The Uganda Cancer Institute has attributed delayed purchase and construction of the radiotherapy bunker to the ideological controversies between the Institute and the Ministry of Health.
According to the Director of Uganda Cancer institute, Dr. Jackson Orem, the disagreement between the institute and the ministry of Health arouse when the two entities failed to agree on who to be contracted to replace the radiotherapy machine that broke down months ago.
He disclosed this during the assessment tour by the health committee of parliament.
While the Uganda Cancer Institute opted to contract International Atomic Energy Agency to replace the radiotherapy machine for quality, this did not go well with ministry of Health that wanted to contract China claiming it was cheaper.
The controversies involving the two entities were stirred after Uganda Cancer Institute refused to adhere to the ministry proposal of purchasing the new radiotherapy machine from China saying it was not of good quality [with the possibility of a fake one].
DR. Orem notified the health committee of parliament that UCI opted for International Atomic Energy Agency since it was the one that built the old radiotherapy machine that only broke down after 21 years.
He says that besides that it is only Atomic Energy that had a license to safely dispose of the old machine without causing radiation harm to the public.
The health committee of parliament led by the chairperson of the committee Dr.

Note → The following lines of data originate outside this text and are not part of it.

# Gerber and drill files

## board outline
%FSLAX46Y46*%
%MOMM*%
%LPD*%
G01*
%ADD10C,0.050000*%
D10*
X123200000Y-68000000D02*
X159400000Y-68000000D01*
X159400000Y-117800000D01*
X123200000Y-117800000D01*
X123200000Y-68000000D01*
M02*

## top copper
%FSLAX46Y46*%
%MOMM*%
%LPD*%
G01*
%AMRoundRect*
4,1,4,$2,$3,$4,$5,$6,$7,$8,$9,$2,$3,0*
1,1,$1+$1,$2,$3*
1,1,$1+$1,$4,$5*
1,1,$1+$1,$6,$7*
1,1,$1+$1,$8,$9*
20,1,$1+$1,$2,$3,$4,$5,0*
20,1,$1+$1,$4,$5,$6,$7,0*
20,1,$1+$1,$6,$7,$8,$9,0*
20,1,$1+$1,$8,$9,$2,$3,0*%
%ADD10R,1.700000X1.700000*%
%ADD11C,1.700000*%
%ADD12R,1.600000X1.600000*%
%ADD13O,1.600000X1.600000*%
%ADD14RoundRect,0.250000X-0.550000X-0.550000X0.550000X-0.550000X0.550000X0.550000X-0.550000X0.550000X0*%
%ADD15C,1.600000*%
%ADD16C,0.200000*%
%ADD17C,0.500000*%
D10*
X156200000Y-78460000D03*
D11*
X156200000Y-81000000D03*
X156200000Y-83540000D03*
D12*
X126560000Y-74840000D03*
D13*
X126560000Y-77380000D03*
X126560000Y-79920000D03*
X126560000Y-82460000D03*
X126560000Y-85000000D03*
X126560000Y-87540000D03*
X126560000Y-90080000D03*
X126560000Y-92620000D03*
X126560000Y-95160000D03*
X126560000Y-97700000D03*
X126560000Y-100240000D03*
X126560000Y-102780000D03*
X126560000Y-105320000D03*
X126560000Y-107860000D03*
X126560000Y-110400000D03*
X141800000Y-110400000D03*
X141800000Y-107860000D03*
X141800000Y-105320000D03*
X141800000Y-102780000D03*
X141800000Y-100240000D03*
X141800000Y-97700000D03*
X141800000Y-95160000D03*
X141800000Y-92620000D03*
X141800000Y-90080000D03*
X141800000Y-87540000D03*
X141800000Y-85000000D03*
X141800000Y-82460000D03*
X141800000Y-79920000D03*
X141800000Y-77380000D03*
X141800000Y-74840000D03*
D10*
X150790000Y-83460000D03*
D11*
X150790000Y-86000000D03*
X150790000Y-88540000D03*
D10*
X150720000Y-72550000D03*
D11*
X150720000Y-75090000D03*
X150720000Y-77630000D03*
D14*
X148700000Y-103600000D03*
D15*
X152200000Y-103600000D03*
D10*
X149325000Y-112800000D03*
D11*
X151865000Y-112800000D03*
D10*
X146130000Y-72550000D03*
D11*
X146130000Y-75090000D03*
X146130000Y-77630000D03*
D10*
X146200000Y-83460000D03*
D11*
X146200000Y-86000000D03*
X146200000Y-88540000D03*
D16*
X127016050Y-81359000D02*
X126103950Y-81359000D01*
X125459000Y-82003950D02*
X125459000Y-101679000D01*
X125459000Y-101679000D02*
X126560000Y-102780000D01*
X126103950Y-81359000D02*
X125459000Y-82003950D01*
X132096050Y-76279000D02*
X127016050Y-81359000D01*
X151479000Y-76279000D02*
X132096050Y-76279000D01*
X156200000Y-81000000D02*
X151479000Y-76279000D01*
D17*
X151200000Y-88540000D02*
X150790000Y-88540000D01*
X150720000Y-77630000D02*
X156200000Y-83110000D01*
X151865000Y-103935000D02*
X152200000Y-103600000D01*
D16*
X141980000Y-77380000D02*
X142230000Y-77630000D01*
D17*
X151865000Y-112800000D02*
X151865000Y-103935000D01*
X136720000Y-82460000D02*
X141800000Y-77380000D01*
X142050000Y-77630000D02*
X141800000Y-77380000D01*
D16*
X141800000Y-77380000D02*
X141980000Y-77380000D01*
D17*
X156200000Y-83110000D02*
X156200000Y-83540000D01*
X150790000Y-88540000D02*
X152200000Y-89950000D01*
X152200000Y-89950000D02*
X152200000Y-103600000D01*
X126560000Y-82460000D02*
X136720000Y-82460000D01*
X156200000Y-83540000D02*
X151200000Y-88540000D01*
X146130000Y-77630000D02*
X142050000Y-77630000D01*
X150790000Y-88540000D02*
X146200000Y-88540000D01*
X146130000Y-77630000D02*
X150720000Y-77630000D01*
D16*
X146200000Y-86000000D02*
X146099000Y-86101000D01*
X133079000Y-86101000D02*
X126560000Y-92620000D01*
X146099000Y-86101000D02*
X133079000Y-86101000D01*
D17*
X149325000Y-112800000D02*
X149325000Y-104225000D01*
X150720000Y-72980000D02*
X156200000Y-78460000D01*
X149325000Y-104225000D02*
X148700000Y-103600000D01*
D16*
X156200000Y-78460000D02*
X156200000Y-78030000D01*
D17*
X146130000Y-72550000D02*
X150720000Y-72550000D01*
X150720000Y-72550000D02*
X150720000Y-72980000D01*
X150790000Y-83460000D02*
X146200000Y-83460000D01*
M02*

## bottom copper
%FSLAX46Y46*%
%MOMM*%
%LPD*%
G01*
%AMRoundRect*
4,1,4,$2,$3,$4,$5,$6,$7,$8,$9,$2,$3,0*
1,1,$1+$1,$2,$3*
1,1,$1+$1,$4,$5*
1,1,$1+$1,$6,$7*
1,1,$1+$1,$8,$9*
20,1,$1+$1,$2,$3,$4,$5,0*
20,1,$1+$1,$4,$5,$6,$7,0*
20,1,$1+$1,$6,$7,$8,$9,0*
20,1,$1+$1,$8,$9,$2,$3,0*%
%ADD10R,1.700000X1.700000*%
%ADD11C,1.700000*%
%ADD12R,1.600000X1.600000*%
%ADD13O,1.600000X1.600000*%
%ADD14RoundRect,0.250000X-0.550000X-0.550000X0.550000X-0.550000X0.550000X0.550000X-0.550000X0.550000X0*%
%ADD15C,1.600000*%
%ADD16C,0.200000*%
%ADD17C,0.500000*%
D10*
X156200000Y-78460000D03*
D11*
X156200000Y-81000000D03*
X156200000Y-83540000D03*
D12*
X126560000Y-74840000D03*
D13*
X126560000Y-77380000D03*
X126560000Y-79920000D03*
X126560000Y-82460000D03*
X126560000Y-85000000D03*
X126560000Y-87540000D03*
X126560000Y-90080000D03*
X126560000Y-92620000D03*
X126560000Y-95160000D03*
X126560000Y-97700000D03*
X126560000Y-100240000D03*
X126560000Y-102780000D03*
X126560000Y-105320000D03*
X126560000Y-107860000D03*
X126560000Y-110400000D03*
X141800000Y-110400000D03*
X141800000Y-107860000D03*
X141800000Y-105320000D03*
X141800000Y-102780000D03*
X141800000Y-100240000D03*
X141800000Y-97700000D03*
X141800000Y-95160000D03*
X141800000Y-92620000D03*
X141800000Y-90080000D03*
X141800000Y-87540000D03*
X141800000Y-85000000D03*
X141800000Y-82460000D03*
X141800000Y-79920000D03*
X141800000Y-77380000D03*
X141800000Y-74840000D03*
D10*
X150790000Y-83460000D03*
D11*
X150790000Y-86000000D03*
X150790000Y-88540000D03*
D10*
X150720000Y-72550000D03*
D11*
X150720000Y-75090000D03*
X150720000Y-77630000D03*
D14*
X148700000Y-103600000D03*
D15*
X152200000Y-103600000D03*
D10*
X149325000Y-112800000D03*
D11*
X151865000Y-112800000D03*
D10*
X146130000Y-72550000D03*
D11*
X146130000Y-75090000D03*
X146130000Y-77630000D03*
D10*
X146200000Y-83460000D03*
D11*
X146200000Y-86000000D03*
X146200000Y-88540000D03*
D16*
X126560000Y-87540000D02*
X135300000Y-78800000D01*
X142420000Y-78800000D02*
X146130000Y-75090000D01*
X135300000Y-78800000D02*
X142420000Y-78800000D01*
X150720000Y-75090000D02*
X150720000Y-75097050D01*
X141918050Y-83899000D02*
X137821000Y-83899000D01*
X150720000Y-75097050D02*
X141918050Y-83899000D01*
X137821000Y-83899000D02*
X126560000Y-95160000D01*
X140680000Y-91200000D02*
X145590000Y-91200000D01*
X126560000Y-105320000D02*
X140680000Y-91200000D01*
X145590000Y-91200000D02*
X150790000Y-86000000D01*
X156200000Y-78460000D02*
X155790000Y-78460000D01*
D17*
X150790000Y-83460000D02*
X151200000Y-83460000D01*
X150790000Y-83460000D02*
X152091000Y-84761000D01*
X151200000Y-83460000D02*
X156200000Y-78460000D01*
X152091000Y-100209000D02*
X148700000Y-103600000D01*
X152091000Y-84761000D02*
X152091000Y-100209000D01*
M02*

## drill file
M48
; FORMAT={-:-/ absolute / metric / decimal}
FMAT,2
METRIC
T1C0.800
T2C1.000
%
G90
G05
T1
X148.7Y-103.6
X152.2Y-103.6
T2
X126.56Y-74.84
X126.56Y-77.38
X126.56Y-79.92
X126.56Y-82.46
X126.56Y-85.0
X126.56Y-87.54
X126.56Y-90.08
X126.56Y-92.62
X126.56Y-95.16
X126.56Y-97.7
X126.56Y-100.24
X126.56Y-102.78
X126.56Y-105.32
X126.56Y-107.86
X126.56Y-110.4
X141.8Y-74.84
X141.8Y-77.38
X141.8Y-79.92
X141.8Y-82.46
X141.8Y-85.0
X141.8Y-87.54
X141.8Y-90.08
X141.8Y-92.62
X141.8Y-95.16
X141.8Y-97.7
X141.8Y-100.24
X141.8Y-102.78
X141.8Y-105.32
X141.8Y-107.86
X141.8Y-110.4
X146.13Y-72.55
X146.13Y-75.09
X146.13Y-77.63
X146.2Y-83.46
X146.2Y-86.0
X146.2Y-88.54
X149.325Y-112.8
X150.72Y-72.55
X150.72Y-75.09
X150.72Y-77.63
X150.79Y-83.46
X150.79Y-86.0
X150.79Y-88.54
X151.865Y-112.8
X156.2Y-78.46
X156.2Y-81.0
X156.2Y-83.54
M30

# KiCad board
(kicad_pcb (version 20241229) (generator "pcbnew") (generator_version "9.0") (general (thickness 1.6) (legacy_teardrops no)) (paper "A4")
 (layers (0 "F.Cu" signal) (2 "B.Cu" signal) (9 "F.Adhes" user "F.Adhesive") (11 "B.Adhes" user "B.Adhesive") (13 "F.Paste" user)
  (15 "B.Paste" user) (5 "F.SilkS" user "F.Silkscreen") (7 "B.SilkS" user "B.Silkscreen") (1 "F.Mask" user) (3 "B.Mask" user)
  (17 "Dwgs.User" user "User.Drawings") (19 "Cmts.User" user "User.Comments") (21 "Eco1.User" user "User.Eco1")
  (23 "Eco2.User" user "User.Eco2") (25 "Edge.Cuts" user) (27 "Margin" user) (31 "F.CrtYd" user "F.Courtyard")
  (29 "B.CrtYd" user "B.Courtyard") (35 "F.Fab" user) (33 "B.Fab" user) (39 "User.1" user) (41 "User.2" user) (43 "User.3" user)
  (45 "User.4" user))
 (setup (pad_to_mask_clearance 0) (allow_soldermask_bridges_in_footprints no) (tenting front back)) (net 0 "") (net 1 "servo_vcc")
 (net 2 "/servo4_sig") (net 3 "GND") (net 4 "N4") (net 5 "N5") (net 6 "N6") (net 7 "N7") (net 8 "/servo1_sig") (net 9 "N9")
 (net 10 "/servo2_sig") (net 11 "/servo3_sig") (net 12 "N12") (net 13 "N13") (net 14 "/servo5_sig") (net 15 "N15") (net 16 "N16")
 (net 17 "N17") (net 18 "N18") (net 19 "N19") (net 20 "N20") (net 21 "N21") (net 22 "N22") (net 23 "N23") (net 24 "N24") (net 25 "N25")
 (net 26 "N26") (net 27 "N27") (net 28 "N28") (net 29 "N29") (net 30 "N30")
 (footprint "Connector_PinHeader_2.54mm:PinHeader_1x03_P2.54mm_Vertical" (layer "F.Cu") (at 156.2 78.46)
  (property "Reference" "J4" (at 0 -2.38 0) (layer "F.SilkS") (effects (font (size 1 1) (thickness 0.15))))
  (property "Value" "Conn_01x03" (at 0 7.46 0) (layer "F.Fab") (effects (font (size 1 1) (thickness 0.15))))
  (pad "1" thru_hole rect (at 0 0) (size 1.7 1.7) (drill 1) (layers "*.Cu" "*.Mask") (remove_unused_layers no) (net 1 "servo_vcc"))
  (pad "2" thru_hole circle (at 0 2.54) (size 1.7 1.7) (drill 1) (layers "*.Cu" "*.Mask") (remove_unused_layers no) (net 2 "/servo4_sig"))
  (pad "3" thru_hole circle (at 0 5.08) (size 1.7 1.7) (drill 1) (layers "*.Cu" "*.Mask") (remove_unused_layers no) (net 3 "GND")))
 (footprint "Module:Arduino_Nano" (layer "F.Cu") (at 126.56 74.84)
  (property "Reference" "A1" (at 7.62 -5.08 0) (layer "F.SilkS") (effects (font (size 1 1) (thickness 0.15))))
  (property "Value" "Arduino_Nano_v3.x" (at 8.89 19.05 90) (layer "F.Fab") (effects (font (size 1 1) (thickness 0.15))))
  (pad "1" thru_hole rect (at 0 0) (size 1.6 1.6) (drill 1) (layers "*.Cu" "*.Mask") (remove_unused_layers no) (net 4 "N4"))
  (pad "2" thru_hole oval (at 0 2.54) (size 1.6 1.6) (drill 1) (layers "*.Cu" "*.Mask") (remove_unused_layers no) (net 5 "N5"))
  (pad "3" thru_hole oval (at 0 5.08) (size 1.6 1.6) (drill 1) (layers "*.Cu" "*.Mask") (remove_unused_layers no) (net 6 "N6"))
  (pad "4" thru_hole oval (at 0 7.62) (size 1.6 1.6) (drill 1) (layers "*.Cu" "*.Mask") (remove_unused_layers no) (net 3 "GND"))
  (pad "5" thru_hole oval (at 0 10.16) (size 1.6 1.6) (drill 1) (layers "*.Cu" "*.Mask") (remove_unused_layers no) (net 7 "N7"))
  (pad "6" thru_hole oval (at 0 12.7) (size 1.6 1.6) (drill 1) (layers "*.Cu" "*.Mask") (remove_unused_layers no) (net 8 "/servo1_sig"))
  (pad "7" thru_hole oval (at 0 15.24) (size 1.6 1.6) (drill 1) (layers "*.Cu" "*.Mask") (remove_unused_layers no) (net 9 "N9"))
  (pad "8" thru_hole oval (at 0 17.78) (size 1.6 1.6) (drill 1) (layers "*.Cu" "*.Mask") (remove_unused_layers no) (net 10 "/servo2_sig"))
  (pad "9" thru_hole oval (at 0 20.32) (size 1.6 1.6) (drill 1) (layers "*.Cu" "*.Mask") (remove_unused_layers no) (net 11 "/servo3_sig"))
  (pad "10" thru_hole oval (at 0 22.86) (size 1.6 1.6) (drill 1) (layers "*.Cu" "*.Mask") (remove_unused_layers no) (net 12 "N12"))
  (pad "11" thru_hole oval (at 0 25.4) (size 1.6 1.6) (drill 1) (layers "*.Cu" "*.Mask") (remove_unused_layers no) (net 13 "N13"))
  (pad "12" thru_hole oval (at 0 27.94) (size 1.6 1.6) (drill 1) (layers "*.Cu" "*.Mask") (remove_unused_layers no) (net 2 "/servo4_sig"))
  (pad "13" thru_hole oval (at 0 30.48) (size 1.6 1.6) (drill 1) (layers "*.Cu" "*.Mask") (remove_unused_layers no) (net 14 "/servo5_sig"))
  (pad "14" thru_hole oval (at 0 33.02) (size 1.6 1.6) (drill 1) (layers "*.Cu" "*.Mask") (remove_unused_layers no) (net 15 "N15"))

Micheal Bukenya was taken through a tour to the progressing new construction site of the radiotherapy banker and also to the old radiotherapy machine that broke down few months ago.
In their assessment, the committee commended the progress at the UCI and applauded UCI for taking an independent decision.

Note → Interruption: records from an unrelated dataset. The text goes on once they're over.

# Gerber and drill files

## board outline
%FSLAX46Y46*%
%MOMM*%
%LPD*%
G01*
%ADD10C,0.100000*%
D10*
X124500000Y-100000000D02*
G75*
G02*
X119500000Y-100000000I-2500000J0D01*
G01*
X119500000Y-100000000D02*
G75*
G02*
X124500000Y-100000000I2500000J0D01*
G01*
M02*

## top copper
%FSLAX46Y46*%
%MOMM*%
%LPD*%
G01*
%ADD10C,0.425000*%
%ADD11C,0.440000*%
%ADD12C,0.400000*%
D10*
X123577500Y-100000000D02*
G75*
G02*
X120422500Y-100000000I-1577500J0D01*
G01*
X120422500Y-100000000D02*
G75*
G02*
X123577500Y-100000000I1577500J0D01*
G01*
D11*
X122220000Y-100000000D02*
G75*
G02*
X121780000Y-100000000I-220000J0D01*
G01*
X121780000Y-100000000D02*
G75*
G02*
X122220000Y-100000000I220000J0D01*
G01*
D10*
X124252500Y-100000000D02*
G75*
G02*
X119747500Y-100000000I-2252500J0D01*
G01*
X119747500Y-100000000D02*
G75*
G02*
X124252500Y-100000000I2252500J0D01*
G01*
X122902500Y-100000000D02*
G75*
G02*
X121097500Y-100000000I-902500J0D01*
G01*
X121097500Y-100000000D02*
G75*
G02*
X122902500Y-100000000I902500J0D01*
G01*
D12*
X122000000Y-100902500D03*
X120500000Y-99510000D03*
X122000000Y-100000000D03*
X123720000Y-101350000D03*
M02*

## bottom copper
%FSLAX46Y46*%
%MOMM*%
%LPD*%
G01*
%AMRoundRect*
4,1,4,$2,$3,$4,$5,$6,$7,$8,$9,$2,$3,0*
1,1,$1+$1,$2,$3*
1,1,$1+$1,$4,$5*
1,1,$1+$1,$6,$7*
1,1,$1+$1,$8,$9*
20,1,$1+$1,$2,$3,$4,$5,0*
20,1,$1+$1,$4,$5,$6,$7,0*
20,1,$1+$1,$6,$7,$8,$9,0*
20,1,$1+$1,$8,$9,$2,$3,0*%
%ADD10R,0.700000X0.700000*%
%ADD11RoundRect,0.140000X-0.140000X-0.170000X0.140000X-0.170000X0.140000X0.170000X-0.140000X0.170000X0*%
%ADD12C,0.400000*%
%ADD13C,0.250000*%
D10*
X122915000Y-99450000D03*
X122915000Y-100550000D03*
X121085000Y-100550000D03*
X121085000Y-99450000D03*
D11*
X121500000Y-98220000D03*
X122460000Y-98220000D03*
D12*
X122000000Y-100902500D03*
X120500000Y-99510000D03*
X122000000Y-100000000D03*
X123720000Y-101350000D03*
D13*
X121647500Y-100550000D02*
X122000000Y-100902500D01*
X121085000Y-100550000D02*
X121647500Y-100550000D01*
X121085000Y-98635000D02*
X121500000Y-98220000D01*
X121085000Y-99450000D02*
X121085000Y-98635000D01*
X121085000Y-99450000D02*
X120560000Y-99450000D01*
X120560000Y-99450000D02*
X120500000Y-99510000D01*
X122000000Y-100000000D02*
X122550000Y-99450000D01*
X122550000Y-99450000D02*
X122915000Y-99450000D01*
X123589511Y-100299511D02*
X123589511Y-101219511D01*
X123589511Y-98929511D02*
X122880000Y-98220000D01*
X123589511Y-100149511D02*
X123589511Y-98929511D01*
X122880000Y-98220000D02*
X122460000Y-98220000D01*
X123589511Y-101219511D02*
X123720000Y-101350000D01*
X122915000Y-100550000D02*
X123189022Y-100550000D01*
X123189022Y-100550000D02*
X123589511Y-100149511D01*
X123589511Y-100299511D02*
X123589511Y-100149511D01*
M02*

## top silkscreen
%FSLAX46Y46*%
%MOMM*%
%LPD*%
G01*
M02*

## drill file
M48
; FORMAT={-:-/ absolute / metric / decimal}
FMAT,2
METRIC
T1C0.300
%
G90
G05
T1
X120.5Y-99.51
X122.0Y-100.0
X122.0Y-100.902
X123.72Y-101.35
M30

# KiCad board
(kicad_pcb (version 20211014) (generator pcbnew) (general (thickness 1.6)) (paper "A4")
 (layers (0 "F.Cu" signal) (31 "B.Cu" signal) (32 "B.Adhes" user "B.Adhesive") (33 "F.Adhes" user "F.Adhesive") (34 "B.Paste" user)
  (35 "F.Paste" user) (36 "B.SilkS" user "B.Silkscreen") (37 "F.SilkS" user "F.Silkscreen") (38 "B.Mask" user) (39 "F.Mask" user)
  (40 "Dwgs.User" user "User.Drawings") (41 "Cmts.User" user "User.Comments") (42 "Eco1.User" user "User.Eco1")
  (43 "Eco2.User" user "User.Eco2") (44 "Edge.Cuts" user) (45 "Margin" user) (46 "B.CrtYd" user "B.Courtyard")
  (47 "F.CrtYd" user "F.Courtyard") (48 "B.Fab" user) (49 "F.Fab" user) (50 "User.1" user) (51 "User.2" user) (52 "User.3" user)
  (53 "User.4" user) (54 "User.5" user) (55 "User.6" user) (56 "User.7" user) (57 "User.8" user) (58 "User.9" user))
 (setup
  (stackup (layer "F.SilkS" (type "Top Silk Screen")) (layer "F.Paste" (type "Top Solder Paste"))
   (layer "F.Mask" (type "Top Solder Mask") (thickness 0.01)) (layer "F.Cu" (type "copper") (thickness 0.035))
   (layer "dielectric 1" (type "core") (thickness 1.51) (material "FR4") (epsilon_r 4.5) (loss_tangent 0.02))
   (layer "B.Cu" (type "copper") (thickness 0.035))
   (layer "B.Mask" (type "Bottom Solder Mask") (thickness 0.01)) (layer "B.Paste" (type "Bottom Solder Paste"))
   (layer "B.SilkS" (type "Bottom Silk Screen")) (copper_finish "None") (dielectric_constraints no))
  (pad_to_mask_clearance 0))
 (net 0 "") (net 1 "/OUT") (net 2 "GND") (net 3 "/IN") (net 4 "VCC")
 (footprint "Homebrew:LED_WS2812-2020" (layer "B.Cu") (at 122 100 180)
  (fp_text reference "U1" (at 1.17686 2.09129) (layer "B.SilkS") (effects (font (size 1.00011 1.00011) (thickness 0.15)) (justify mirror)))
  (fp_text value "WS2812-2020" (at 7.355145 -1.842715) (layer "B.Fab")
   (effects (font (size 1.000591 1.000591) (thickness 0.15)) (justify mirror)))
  (pad "1" smd rect (at -0.915 0.55 180) (size 0.7 0.7) (layers "B.Cu" "B.Paste" "B.Mask") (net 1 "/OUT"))
  (pad "2" smd rect (at -0.915 -0.55 180) (size 0.7 0.7) (layers "B.Cu" "B.Paste" "B.Mask") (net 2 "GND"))
  (pad "3" smd rect (at 0.915 -0.55) (size 0.7 0.7) (layers "B.Cu" "B.Paste" "B.Mask") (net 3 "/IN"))
  (pad "4" smd rect (at 0.915 0.55) (size 0.7 0.7) (layers "B.Cu" "B.Paste" "B.Mask") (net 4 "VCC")))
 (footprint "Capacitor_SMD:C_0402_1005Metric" (layer "B.Cu") (at 121.98 98.22)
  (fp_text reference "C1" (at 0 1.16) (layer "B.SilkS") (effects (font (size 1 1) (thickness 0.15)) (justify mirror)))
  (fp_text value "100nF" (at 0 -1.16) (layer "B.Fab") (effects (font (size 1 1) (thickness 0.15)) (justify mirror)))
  (pad "1" smd roundrect (at -0.48 0) (size 0.56 0.62) (layers "B.Cu" "B.Paste" "B.Mask") (roundrect_rratio 0.25) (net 4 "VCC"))
  (pad "2" smd roundrect (at 0.48 0) (size 0.56 0.62) (layers "B.Cu" "B.Paste" "B.Mask") (roundrect_rratio 0.25) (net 2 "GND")))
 (gr_circle (center 122 100) (end 123.5775 100) (layer "F.Cu") (width 0.425) (fill none))
 (gr_circle (center 122 100) (end 122.39 100) (layer "F.Cu") (width 0.1) (fill solid))
 (gr_circle (center 122 100) (end 124.2525 100) (layer "F.Cu") (width 0.425) (fill none))
 (gr_circle (center 122 100) (end 122.9025 100) (layer "F.Cu") (width 0.425) (fill none))
 (gr_circle (center 122 100) (end 124.5 100) (layer "Edge.Cuts") (width 0.1) (fill none))
 (via (at 122 100.9025) (size 0.4) (drill 0.3) (layers "F.Cu" "B.Cu") (free) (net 3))
 (segment (start 121.6475 100.55) (end 122 100.9025) (width 0.25) (layer "B.Cu") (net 3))
 (segment (start 121.085 100.55) (end 121.6475 100.55) (width 0.25) (layer "B.Cu") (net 3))
 (via (at 120.5 99.51) (size 0.4) (drill 0.3) (layers "F.Cu" "B.Cu") (free) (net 4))
 (segment (start 121.085 98.635) (end 121.5 98.22) (width 0.25) (layer "B.Cu") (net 4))
 (segment (start 121.085 99.45) (end 121.085 98.635) (width 0.25) (layer "B.Cu") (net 4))
 (segment (start 121.085 99.45) (end 120.56 99.45) (width 0.25) (layer "B.Cu") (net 4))
 (segment (start 120.56 99.45) (end 120.5 99.51) (width 0.25) (layer "B.Cu") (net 4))
 (via (at 122 100) (size 0.4) (drill 0.3) (layers "F.Cu" "B.Cu") (free) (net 1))
 (segment (start 122 100) (end 122.55 99.45) (width 0.25) (layer "B.Cu") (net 1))
 (segment (start 122.55 99.45) (end 122.915 99.45) (width 0.25) (layer "B.Cu") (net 1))
 (via (at 123.72 101.35) (size 0.4) (drill 0.3) (layers "F.Cu" "B.Cu") (free) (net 2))
 (segment (start 123.589511 100.299511) (end 123.589511 101.219511) (width 0.25) (layer "B.Cu") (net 2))
 (segment (start 123.589511 98.929511) (end 122.88 98.22) (width 0.25) (layer "B.Cu") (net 2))
 (segment (start 123.589511 100.149511) (end 123.589511 98.929511) (width 0.25) (layer "B.Cu") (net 2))
 (segment (start 122.88 98.22) (end 122.46 98.22) (width 0.25) (layer "B.Cu") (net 2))
 (segment (start 123.589511 101.219511) (end 123.72 101.35) (width 0.25) (layer "B.Cu") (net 2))
 (segment (start 122.915 100.55) (end 123.189022 100.55) (width 0.25) (layer "B.Cu") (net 2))
 (segment (start 123.189022 100.55) (end 123.589511 100.149511) (width 0.25) (layer "B.Cu") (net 2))
 (segment (start 123.589511 100.299511) (end 123.589511 100.149511) (width 0.25) (layer "B.Cu") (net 2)))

“A team of Engineers from International Atomic Energy Agency are expected to arrive to the institute this week to assess the progress and finalize procedures of disposing off the old Machine and installing the new radiotherapy machine,” says Dr. Orem.
However, the committee discovered that some health workers at the Uganda cancer institute have taken advantage of the absence of the machine to extort money from desperate patients.
This was disclosed to the committee by some patients who preferred anonymity.
The committee has tasked the institute to stop extorting money from patients or else they face the law.
They have also tasked UCI to set up guidelines that guide the patients on what services to be paid for.